--- START ---
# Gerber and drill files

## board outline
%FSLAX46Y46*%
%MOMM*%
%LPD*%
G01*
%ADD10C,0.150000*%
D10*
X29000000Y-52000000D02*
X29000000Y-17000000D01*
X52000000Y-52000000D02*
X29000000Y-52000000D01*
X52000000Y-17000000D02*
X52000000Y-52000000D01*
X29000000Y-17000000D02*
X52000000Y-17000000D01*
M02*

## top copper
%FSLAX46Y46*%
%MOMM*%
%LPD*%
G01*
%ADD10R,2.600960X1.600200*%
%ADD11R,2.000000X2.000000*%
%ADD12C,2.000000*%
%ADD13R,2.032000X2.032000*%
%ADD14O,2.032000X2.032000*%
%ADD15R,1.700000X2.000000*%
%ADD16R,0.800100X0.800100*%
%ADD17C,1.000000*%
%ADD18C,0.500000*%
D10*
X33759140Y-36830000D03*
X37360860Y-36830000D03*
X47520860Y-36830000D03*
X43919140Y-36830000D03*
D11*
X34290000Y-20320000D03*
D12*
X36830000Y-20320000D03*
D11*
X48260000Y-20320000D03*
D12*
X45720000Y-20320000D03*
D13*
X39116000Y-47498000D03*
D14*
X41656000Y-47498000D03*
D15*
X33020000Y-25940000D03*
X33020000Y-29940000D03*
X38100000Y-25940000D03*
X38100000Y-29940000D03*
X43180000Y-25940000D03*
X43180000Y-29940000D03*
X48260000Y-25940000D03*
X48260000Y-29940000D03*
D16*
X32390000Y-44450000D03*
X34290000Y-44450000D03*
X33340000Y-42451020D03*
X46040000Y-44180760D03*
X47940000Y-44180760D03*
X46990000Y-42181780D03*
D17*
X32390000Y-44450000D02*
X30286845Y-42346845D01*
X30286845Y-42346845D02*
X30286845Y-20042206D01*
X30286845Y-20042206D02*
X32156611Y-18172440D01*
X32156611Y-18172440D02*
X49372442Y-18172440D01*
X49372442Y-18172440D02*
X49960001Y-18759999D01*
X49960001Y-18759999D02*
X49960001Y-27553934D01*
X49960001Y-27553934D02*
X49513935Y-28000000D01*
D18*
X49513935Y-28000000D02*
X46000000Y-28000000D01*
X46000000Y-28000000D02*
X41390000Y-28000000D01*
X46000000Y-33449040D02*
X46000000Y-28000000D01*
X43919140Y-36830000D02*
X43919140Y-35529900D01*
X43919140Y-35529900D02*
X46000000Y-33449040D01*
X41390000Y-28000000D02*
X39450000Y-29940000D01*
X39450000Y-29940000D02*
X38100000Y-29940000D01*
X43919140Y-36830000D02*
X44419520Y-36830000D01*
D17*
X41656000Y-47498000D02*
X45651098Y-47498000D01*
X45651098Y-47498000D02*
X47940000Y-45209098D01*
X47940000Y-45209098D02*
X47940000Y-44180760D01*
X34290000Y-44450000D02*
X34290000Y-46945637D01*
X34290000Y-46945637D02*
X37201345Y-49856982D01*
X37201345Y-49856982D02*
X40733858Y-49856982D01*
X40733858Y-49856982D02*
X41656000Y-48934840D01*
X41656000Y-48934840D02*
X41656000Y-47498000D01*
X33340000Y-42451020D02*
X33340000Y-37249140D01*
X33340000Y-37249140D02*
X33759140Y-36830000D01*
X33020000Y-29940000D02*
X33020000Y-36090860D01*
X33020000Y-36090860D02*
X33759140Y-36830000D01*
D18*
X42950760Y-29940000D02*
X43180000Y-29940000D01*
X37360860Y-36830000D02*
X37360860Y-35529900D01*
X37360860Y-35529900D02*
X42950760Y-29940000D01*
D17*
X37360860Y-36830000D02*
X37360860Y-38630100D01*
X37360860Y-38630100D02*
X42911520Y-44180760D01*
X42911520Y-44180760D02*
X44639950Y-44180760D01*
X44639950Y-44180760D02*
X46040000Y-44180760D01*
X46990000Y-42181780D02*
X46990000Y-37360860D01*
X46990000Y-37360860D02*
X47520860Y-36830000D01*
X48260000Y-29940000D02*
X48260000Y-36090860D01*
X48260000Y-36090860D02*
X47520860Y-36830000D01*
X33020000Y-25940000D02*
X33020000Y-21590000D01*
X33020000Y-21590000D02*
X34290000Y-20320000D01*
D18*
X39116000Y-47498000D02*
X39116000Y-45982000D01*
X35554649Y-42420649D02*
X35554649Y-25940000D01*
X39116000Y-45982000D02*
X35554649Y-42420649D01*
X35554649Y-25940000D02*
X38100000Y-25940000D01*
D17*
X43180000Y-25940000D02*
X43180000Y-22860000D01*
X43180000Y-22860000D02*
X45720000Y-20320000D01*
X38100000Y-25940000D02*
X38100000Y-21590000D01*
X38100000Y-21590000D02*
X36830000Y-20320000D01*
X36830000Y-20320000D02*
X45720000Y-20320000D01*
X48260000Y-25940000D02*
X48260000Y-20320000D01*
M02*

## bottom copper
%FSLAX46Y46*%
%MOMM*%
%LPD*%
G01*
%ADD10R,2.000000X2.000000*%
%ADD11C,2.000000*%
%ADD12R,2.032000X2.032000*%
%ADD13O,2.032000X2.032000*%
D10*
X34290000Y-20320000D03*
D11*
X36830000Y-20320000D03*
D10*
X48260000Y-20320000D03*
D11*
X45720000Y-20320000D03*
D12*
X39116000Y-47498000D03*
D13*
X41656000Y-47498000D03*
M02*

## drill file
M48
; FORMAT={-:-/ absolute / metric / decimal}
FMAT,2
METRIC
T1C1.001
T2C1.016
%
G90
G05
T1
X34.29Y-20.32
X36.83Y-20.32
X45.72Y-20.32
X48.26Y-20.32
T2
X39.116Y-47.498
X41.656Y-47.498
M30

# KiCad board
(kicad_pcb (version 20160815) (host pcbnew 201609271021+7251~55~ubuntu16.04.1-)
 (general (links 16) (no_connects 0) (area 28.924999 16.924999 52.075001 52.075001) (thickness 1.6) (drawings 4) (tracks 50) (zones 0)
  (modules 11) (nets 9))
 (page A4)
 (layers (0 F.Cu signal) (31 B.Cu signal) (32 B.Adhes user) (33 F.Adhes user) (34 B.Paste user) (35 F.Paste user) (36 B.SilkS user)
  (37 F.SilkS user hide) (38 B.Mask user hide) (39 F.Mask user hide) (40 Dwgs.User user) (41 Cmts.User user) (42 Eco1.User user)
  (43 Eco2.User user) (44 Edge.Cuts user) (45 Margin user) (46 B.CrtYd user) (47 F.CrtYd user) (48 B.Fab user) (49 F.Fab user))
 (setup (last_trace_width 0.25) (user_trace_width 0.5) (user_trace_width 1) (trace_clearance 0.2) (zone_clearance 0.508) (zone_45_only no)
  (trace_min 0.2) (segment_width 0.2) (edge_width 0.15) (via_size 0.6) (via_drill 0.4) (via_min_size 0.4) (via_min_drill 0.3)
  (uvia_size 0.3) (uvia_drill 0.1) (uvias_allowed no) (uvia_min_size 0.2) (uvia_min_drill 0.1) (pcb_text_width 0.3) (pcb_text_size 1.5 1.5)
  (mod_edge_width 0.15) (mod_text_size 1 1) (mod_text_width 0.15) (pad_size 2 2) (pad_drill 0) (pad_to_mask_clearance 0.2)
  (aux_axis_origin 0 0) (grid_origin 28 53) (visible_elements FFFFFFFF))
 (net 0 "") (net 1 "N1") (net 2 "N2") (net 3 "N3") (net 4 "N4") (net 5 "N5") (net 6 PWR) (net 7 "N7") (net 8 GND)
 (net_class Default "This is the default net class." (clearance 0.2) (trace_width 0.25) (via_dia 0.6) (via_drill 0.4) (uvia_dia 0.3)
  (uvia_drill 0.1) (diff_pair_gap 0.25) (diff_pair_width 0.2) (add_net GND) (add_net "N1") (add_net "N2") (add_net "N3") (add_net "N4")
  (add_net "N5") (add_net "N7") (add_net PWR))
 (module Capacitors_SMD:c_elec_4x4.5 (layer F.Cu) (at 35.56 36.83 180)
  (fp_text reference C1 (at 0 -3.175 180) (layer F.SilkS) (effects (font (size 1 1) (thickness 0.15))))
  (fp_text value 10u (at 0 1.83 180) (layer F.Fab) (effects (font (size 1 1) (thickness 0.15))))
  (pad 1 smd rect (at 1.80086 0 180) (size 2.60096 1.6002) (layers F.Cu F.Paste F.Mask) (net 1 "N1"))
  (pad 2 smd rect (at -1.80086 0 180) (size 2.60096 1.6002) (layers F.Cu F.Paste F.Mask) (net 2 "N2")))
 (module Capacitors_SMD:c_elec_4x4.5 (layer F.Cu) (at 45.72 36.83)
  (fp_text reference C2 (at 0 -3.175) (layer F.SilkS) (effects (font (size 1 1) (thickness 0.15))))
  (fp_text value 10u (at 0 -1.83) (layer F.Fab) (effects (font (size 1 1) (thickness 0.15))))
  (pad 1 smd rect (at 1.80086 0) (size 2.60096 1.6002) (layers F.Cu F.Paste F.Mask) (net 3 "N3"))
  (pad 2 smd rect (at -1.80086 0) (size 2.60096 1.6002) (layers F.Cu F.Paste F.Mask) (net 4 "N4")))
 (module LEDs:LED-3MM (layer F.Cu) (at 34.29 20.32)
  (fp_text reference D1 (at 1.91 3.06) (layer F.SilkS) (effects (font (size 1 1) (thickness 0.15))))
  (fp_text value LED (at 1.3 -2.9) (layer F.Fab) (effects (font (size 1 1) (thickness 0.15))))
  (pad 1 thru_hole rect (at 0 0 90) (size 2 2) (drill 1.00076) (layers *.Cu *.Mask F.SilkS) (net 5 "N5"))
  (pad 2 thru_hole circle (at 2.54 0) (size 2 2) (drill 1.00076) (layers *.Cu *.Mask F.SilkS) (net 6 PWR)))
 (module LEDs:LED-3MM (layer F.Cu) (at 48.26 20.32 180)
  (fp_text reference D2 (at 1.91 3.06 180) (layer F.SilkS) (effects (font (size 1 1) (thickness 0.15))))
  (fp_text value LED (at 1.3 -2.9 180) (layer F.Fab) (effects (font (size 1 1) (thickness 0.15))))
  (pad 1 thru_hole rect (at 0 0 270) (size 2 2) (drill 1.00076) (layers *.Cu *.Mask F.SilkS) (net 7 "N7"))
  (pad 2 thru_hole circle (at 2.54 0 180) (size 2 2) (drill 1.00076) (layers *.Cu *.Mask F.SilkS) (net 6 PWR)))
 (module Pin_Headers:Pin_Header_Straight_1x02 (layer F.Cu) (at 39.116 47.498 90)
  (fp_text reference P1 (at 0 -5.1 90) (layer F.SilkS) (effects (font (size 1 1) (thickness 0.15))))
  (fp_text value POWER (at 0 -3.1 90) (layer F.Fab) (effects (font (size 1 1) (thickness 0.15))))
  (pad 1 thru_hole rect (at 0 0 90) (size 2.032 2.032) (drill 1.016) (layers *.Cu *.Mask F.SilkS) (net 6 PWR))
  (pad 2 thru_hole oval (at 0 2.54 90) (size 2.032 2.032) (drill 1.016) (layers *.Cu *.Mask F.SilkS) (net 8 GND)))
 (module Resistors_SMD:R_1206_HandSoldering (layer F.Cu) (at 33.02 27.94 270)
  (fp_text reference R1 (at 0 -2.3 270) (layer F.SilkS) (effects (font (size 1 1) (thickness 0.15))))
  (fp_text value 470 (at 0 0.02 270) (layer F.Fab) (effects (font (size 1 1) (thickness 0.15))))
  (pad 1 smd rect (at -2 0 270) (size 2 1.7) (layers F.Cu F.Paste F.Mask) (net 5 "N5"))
--- END ---
--- START ---
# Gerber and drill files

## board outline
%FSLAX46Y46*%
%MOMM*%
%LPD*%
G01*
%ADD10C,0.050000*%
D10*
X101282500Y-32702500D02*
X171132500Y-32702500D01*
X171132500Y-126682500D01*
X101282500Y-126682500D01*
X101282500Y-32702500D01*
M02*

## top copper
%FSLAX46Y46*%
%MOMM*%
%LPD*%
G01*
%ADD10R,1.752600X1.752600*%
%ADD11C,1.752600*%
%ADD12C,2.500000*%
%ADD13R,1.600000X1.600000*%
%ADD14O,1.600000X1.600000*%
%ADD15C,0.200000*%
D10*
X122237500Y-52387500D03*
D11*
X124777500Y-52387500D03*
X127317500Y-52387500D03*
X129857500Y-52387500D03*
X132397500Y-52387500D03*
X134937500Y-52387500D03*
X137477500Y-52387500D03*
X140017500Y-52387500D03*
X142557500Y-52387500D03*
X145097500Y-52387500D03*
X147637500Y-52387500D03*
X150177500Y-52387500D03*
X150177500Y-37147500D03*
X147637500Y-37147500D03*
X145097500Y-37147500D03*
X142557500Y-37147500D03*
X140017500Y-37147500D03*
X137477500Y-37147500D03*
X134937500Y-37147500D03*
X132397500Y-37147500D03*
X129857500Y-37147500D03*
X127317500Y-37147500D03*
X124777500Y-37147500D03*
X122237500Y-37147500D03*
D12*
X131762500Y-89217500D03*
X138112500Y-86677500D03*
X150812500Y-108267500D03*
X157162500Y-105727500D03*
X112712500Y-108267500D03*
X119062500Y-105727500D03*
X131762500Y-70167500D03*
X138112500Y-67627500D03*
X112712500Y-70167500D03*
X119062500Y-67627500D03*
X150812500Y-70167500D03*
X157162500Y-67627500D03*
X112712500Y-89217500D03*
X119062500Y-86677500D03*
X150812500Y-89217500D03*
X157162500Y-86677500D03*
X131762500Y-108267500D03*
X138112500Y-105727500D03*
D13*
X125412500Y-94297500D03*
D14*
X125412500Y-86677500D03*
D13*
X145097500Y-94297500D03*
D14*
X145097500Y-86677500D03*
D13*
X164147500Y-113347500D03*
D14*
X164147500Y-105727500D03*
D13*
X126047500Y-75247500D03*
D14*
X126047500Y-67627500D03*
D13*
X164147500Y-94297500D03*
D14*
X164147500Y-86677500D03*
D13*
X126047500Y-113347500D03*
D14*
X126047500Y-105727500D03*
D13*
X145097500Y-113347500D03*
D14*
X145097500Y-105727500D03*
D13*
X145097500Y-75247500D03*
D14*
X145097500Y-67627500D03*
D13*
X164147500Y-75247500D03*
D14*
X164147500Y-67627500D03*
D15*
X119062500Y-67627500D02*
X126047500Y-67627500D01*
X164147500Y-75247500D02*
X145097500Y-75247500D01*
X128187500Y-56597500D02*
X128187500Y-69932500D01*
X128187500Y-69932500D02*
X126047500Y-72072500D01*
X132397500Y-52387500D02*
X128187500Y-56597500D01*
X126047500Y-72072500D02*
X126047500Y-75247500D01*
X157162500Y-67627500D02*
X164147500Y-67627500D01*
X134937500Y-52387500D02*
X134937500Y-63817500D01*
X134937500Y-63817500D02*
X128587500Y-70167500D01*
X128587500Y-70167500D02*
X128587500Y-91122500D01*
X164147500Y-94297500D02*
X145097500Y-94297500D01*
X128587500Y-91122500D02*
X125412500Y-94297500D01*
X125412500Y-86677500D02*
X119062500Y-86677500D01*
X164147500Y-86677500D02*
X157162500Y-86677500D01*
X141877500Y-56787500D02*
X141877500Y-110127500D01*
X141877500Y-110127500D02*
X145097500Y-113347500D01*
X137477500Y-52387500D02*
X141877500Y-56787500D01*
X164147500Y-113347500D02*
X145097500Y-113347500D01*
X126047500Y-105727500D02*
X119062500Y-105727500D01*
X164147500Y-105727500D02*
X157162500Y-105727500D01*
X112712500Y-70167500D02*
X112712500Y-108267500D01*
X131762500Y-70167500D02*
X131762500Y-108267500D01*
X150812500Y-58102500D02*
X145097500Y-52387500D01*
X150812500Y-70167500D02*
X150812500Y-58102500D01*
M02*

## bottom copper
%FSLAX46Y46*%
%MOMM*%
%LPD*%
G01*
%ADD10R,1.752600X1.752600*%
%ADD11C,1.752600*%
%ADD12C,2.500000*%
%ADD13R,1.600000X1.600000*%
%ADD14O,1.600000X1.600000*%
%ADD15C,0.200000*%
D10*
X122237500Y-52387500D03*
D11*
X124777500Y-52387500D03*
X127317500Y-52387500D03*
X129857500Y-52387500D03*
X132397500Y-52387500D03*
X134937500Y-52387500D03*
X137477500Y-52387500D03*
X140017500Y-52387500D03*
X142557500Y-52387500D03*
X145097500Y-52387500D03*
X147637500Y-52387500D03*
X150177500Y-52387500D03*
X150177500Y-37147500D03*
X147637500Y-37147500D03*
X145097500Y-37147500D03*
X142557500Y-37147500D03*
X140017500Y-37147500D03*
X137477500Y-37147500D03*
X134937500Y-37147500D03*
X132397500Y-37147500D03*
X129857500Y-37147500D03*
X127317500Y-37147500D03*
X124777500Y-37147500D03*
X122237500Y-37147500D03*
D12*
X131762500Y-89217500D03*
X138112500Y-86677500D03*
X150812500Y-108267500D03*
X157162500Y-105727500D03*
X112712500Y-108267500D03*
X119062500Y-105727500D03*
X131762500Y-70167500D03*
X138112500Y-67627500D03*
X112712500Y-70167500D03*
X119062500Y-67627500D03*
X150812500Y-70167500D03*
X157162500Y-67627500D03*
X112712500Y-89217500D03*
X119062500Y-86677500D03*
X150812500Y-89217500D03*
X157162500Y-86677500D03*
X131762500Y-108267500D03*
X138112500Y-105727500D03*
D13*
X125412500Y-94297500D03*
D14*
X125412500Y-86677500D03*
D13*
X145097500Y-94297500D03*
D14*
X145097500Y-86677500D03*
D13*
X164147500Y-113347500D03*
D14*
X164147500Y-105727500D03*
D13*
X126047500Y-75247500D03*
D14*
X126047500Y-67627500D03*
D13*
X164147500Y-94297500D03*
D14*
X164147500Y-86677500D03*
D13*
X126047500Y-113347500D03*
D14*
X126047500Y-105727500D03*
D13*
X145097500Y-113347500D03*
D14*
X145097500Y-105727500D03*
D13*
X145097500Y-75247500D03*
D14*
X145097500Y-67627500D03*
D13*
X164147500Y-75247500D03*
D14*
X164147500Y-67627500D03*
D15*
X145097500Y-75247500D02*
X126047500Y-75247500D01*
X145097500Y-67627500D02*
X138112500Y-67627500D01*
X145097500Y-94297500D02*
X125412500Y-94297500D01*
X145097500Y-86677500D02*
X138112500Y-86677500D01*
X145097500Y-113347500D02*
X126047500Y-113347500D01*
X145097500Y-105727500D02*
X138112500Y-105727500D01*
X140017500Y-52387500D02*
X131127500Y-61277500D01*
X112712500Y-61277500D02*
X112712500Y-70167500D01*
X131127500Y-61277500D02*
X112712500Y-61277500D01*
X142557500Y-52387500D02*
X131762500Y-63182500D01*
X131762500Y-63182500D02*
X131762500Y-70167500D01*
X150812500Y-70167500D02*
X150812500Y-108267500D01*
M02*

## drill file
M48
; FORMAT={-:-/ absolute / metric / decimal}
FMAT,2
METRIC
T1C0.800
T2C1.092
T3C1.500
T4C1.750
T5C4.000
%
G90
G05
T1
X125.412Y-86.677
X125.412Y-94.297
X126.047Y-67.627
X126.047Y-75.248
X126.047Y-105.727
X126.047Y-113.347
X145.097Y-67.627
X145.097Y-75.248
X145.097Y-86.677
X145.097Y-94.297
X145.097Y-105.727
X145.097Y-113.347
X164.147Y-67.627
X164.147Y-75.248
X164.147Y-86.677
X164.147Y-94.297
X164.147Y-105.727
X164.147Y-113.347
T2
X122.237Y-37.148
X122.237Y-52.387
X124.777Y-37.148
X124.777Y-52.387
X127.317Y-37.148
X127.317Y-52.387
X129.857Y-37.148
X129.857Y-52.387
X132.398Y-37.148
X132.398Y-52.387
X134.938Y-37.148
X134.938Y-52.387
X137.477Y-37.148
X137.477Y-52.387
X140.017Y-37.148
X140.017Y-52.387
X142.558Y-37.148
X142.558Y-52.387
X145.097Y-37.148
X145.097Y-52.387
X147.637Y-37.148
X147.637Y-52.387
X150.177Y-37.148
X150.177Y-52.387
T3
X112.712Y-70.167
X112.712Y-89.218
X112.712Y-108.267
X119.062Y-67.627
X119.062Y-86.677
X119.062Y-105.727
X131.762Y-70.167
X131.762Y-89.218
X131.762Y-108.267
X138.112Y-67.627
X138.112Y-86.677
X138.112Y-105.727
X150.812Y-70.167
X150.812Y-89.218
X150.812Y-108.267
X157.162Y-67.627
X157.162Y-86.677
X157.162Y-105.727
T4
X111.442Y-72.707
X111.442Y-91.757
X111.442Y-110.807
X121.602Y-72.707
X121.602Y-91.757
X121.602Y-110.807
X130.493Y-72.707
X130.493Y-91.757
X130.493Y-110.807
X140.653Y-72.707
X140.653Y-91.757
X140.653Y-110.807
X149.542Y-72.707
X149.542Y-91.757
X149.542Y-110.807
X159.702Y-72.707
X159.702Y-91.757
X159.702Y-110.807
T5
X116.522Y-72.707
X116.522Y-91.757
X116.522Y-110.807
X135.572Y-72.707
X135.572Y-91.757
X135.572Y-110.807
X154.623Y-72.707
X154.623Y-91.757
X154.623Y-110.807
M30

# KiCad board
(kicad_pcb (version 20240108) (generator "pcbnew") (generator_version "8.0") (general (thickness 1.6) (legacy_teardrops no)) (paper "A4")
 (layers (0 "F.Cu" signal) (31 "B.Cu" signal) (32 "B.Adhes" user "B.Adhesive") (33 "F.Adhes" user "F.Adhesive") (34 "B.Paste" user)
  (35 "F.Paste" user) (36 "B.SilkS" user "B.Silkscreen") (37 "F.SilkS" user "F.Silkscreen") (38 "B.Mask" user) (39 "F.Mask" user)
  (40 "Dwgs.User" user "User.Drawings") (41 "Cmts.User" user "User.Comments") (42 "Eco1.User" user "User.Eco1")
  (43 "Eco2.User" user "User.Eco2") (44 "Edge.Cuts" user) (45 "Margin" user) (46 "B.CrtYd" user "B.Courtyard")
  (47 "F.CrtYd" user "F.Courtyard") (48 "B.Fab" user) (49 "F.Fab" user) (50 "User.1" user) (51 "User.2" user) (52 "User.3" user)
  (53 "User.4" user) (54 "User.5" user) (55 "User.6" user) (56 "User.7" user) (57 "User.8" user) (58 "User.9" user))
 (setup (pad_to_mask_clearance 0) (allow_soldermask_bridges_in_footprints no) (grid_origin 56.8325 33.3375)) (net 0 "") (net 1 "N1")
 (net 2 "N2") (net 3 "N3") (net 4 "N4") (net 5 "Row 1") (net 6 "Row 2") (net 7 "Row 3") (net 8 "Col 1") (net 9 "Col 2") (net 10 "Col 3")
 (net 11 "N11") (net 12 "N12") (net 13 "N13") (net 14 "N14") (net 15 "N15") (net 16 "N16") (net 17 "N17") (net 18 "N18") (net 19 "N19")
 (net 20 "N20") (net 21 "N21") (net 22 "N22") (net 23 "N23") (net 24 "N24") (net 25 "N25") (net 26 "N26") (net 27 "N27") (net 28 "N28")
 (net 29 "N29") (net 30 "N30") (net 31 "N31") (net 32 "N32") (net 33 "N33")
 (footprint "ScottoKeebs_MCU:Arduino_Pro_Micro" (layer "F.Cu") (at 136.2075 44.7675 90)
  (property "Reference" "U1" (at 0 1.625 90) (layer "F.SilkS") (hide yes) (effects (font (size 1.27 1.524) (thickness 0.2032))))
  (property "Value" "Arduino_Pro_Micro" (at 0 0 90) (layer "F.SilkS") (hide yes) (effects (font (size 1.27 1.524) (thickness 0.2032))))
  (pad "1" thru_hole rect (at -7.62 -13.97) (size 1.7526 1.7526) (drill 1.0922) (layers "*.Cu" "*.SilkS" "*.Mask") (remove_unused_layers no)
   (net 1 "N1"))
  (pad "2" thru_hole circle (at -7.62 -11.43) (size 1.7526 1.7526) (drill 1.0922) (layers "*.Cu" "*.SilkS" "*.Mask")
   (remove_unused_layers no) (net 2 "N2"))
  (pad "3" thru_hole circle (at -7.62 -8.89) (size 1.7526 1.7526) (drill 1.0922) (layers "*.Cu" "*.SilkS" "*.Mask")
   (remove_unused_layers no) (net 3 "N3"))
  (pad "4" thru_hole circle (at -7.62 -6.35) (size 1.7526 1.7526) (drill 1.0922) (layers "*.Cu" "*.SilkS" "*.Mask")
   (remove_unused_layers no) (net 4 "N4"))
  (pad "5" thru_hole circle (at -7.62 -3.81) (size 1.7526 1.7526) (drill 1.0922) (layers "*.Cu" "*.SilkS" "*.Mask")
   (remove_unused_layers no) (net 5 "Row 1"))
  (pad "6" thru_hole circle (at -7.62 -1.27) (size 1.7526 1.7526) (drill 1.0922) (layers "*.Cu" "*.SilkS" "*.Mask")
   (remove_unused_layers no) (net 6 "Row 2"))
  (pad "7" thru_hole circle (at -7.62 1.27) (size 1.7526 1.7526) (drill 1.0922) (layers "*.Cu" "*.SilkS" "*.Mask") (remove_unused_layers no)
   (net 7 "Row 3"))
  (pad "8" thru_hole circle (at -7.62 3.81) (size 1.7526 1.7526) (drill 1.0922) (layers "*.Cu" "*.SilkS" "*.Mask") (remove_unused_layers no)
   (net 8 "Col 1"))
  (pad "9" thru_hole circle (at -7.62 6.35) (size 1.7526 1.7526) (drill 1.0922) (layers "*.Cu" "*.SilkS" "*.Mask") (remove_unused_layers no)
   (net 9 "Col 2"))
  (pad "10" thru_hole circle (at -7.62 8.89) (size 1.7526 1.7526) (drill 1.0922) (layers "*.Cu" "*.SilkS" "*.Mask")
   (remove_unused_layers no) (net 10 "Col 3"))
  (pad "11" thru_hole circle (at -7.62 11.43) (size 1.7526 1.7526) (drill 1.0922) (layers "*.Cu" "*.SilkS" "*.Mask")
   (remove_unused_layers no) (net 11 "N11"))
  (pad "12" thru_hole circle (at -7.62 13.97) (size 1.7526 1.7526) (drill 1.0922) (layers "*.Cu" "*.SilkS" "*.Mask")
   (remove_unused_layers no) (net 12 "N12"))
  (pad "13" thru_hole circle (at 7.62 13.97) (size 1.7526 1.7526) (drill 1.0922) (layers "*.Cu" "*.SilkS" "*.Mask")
--- END ---
→ **WORK ITEM**
Look over the material and return every line where the word "signal" is found.

→ **FINISHED EXERCISE**
 (layers (0 F.Cu signal) (31 B.Cu signal) (32 B.Adhes user) (33 F.Adhes user) (34 B.Paste user) (35 F.Paste user) (36 B.SilkS user)
 (layers (0 "F.Cu" signal) (31 "B.Cu" signal) (32 "B.Adhes" user "B.Adhesive") (33 "F.Adhes" user "F.Adhesive") (34 "B.Paste" user)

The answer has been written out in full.